**Exercise description**
Select all lines holding the word "Courtyard" from the entries that follow.

**Stored data entries**

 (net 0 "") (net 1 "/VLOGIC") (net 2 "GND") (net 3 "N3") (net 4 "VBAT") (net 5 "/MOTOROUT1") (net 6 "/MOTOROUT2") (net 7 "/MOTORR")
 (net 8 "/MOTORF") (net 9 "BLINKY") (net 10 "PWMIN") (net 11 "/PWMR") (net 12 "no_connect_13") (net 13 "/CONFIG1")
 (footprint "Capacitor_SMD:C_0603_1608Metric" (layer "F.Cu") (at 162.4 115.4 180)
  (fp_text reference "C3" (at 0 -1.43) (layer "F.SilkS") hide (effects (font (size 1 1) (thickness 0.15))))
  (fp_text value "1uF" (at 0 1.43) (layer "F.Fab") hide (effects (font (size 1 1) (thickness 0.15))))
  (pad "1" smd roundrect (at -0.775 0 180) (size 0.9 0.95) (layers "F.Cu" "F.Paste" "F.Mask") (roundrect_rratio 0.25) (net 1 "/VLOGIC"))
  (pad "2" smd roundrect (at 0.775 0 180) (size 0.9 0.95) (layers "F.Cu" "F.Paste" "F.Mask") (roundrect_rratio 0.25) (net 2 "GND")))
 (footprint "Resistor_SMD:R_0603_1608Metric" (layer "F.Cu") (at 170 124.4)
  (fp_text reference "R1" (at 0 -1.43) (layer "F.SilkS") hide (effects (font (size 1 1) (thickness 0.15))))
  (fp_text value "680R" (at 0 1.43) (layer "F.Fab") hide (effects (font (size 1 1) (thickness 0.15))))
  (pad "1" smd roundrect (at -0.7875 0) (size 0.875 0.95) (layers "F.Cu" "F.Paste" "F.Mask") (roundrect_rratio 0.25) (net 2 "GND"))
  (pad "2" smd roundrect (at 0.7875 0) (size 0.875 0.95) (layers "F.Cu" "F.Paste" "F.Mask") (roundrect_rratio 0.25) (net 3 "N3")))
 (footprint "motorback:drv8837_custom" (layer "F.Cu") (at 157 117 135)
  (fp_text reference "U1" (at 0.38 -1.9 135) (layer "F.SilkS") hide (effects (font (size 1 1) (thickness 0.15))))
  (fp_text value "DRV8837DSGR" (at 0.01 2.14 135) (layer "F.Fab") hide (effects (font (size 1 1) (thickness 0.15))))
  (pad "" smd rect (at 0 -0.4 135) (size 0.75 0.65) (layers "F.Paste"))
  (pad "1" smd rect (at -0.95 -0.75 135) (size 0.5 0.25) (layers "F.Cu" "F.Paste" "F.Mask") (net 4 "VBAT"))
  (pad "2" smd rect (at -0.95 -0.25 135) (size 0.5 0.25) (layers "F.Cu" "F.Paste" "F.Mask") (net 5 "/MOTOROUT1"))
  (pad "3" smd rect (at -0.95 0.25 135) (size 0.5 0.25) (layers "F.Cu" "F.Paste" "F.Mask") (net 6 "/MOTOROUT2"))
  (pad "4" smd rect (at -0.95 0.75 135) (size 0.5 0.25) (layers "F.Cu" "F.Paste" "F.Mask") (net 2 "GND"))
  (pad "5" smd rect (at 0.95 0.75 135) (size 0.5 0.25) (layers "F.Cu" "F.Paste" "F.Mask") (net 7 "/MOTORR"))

---

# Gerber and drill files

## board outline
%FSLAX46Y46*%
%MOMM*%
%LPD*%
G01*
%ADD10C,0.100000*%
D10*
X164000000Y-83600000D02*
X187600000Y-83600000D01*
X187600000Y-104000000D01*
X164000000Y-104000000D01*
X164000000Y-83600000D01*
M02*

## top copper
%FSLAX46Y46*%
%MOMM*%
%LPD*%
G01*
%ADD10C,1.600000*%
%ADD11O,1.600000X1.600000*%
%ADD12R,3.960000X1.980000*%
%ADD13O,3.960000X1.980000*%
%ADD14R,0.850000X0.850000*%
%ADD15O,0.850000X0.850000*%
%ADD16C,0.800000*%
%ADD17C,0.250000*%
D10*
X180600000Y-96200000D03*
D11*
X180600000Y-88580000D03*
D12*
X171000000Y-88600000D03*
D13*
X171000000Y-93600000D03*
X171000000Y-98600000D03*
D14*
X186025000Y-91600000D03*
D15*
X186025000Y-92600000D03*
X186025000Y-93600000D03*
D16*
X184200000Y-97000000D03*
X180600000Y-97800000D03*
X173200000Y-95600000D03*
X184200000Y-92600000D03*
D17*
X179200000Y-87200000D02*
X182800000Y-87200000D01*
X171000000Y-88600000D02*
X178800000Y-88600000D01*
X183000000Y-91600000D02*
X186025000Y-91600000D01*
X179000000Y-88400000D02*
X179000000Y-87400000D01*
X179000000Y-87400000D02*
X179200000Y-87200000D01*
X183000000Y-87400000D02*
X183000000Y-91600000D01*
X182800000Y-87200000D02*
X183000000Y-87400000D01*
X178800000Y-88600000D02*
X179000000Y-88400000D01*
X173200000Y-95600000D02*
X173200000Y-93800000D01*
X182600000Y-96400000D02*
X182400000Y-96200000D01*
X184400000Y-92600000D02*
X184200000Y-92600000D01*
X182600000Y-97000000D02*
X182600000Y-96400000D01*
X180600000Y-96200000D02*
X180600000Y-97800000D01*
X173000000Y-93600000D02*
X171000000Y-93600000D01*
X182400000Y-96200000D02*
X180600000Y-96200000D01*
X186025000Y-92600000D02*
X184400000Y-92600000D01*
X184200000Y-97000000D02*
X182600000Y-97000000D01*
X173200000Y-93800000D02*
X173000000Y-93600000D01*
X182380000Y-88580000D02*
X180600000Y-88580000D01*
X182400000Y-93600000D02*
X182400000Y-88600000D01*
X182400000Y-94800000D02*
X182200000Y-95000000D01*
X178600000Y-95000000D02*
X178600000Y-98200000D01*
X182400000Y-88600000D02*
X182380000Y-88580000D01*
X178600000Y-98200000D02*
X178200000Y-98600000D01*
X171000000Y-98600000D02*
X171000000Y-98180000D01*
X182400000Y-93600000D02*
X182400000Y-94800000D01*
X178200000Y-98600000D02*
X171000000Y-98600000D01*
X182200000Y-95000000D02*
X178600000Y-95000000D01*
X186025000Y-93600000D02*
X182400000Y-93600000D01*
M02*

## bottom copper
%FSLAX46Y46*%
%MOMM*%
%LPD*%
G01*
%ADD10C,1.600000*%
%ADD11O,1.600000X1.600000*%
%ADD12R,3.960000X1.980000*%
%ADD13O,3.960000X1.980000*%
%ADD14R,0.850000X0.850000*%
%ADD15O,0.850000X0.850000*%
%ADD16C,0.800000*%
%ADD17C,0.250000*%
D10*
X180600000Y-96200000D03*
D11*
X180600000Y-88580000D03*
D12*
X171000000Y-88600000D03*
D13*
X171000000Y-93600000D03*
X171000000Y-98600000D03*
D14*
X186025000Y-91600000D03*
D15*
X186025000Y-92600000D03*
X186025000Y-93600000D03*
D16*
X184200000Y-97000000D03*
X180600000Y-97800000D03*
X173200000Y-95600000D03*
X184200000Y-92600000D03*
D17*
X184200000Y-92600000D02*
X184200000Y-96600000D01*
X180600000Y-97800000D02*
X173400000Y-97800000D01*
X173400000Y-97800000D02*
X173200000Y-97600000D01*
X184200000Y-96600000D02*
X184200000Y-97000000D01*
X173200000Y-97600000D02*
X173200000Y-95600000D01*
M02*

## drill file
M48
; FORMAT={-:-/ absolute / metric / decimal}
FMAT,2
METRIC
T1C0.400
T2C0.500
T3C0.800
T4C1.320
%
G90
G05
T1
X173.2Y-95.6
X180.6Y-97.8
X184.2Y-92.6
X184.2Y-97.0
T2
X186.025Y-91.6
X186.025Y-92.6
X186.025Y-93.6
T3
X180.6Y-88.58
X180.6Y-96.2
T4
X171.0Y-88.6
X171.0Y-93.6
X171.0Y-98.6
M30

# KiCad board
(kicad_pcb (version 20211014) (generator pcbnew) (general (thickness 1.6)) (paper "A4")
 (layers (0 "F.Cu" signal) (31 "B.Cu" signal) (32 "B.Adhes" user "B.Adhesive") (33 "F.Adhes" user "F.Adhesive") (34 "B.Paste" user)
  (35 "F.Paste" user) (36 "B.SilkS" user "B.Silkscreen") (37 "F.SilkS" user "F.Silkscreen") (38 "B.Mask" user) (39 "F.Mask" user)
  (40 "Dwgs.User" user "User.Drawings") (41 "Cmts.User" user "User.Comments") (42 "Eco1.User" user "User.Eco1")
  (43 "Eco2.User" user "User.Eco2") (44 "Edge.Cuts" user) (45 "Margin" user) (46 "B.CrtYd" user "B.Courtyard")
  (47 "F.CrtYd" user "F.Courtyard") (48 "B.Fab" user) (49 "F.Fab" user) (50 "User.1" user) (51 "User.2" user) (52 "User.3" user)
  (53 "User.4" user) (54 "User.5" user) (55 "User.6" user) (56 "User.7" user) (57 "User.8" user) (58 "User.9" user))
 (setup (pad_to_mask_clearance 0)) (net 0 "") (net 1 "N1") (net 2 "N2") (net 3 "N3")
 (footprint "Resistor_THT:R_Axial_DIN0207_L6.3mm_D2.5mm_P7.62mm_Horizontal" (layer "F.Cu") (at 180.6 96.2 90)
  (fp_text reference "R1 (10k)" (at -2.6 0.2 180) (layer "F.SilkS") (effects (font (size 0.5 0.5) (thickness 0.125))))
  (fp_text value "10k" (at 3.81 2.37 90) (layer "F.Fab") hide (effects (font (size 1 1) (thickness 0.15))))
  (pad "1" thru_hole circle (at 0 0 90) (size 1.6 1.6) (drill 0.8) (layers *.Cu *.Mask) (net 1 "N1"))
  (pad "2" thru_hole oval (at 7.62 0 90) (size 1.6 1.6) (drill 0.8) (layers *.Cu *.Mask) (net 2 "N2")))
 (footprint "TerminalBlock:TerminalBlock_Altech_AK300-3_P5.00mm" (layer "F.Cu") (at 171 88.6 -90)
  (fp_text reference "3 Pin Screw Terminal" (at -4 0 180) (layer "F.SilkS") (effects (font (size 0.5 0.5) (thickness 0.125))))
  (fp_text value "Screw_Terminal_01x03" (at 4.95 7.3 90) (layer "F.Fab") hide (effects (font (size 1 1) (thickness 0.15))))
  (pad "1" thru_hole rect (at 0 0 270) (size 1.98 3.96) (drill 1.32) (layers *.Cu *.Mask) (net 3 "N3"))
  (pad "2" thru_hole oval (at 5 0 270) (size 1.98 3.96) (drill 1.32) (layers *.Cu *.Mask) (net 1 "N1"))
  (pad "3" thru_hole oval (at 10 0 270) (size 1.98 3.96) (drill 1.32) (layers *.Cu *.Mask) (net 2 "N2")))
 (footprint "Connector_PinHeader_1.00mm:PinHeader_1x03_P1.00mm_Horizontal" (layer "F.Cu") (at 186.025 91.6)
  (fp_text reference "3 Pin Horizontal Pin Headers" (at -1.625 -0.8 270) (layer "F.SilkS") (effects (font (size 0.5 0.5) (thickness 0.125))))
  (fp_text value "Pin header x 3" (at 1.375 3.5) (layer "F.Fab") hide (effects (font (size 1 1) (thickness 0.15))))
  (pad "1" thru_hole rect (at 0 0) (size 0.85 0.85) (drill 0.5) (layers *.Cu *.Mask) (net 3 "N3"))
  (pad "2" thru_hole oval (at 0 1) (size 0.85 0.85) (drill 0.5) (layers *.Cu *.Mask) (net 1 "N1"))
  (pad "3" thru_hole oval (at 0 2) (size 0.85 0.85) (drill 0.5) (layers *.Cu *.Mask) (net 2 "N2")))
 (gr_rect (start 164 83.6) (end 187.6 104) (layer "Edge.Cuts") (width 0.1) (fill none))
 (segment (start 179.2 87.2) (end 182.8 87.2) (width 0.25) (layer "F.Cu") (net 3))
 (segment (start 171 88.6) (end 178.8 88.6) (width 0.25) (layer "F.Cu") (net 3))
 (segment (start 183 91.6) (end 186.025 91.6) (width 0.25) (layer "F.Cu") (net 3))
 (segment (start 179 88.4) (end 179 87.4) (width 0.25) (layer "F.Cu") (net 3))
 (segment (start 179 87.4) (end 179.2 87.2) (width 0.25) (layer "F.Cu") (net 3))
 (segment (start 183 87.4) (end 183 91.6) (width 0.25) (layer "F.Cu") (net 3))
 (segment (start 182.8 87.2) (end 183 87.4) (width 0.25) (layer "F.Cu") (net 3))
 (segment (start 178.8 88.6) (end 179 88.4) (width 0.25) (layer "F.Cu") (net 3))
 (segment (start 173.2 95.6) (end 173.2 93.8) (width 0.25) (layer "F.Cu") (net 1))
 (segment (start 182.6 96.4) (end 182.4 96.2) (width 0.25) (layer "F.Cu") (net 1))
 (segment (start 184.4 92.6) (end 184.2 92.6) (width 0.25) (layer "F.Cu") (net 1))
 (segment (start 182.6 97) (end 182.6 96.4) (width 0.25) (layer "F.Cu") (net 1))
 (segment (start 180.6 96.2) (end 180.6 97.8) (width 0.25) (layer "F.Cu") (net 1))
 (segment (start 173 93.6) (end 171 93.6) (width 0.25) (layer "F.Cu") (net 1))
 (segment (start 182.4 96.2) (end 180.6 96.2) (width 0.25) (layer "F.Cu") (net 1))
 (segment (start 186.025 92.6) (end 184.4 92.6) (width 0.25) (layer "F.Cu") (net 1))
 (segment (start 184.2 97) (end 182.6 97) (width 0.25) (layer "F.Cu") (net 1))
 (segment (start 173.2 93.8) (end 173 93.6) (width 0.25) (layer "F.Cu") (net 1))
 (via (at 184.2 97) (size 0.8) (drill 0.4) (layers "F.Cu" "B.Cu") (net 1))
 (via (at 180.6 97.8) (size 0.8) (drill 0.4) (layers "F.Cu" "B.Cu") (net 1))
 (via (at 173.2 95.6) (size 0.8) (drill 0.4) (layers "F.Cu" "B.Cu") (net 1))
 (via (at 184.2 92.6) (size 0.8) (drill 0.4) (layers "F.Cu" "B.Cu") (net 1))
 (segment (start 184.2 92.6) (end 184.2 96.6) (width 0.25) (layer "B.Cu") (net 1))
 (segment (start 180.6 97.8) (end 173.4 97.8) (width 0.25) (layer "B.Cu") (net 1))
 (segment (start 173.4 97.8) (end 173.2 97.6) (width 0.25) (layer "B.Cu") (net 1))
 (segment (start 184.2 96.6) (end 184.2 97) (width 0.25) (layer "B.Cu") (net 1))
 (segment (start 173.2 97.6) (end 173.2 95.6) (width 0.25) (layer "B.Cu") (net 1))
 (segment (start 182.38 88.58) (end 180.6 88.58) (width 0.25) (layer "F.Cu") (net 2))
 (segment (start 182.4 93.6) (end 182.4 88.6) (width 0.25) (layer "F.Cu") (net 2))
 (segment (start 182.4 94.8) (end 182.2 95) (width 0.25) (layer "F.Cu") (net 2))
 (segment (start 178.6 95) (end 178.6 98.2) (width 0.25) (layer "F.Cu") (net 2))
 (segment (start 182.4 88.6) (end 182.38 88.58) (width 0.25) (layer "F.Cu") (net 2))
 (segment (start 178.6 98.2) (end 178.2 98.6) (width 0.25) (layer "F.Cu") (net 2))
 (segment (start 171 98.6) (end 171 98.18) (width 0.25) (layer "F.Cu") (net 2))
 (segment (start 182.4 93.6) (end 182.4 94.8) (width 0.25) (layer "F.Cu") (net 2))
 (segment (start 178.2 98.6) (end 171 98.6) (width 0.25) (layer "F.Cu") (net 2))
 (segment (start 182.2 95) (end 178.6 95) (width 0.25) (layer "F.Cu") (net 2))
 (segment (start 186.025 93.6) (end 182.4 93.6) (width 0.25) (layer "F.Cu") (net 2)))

...

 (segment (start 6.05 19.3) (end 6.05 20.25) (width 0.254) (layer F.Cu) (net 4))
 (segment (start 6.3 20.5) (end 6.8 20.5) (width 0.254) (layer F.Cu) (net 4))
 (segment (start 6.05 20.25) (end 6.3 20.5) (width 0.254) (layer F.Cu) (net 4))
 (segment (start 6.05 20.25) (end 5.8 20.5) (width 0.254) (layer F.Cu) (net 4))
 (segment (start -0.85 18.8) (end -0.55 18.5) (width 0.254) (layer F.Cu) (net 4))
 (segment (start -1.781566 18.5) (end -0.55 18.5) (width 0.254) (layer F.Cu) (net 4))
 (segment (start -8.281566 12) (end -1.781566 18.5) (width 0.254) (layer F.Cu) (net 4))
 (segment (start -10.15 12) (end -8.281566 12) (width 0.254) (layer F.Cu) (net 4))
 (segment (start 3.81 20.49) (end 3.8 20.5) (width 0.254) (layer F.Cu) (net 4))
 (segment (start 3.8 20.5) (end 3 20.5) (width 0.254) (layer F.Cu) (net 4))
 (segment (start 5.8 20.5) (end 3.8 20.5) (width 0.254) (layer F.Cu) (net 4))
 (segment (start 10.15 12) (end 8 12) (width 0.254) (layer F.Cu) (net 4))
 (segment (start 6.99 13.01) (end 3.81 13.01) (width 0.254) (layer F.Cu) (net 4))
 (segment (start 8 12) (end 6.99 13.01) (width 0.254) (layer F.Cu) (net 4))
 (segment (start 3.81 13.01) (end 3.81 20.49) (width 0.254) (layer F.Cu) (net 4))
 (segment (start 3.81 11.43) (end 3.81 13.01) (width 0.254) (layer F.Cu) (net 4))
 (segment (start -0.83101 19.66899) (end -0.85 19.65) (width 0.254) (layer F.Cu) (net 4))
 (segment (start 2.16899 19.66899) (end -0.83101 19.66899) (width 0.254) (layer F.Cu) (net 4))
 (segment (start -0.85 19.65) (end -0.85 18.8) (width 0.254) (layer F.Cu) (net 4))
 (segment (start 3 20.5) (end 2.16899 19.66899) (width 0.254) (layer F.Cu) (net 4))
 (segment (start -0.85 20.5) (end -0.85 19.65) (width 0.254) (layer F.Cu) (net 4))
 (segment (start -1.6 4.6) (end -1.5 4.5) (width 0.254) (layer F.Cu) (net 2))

**Written solution**
  (43 "Eco2.User" user "User.Eco2") (44 "Edge.Cuts" user) (45 "Margin" user) (46 "B.CrtYd" user "B.Courtyard")
  (47 "F.CrtYd" user "F.Courtyard") (48 "B.Fab" user) (49 "F.Fab" user) (50 "User.1" user) (51 "User.2" user) (52 "User.3" user)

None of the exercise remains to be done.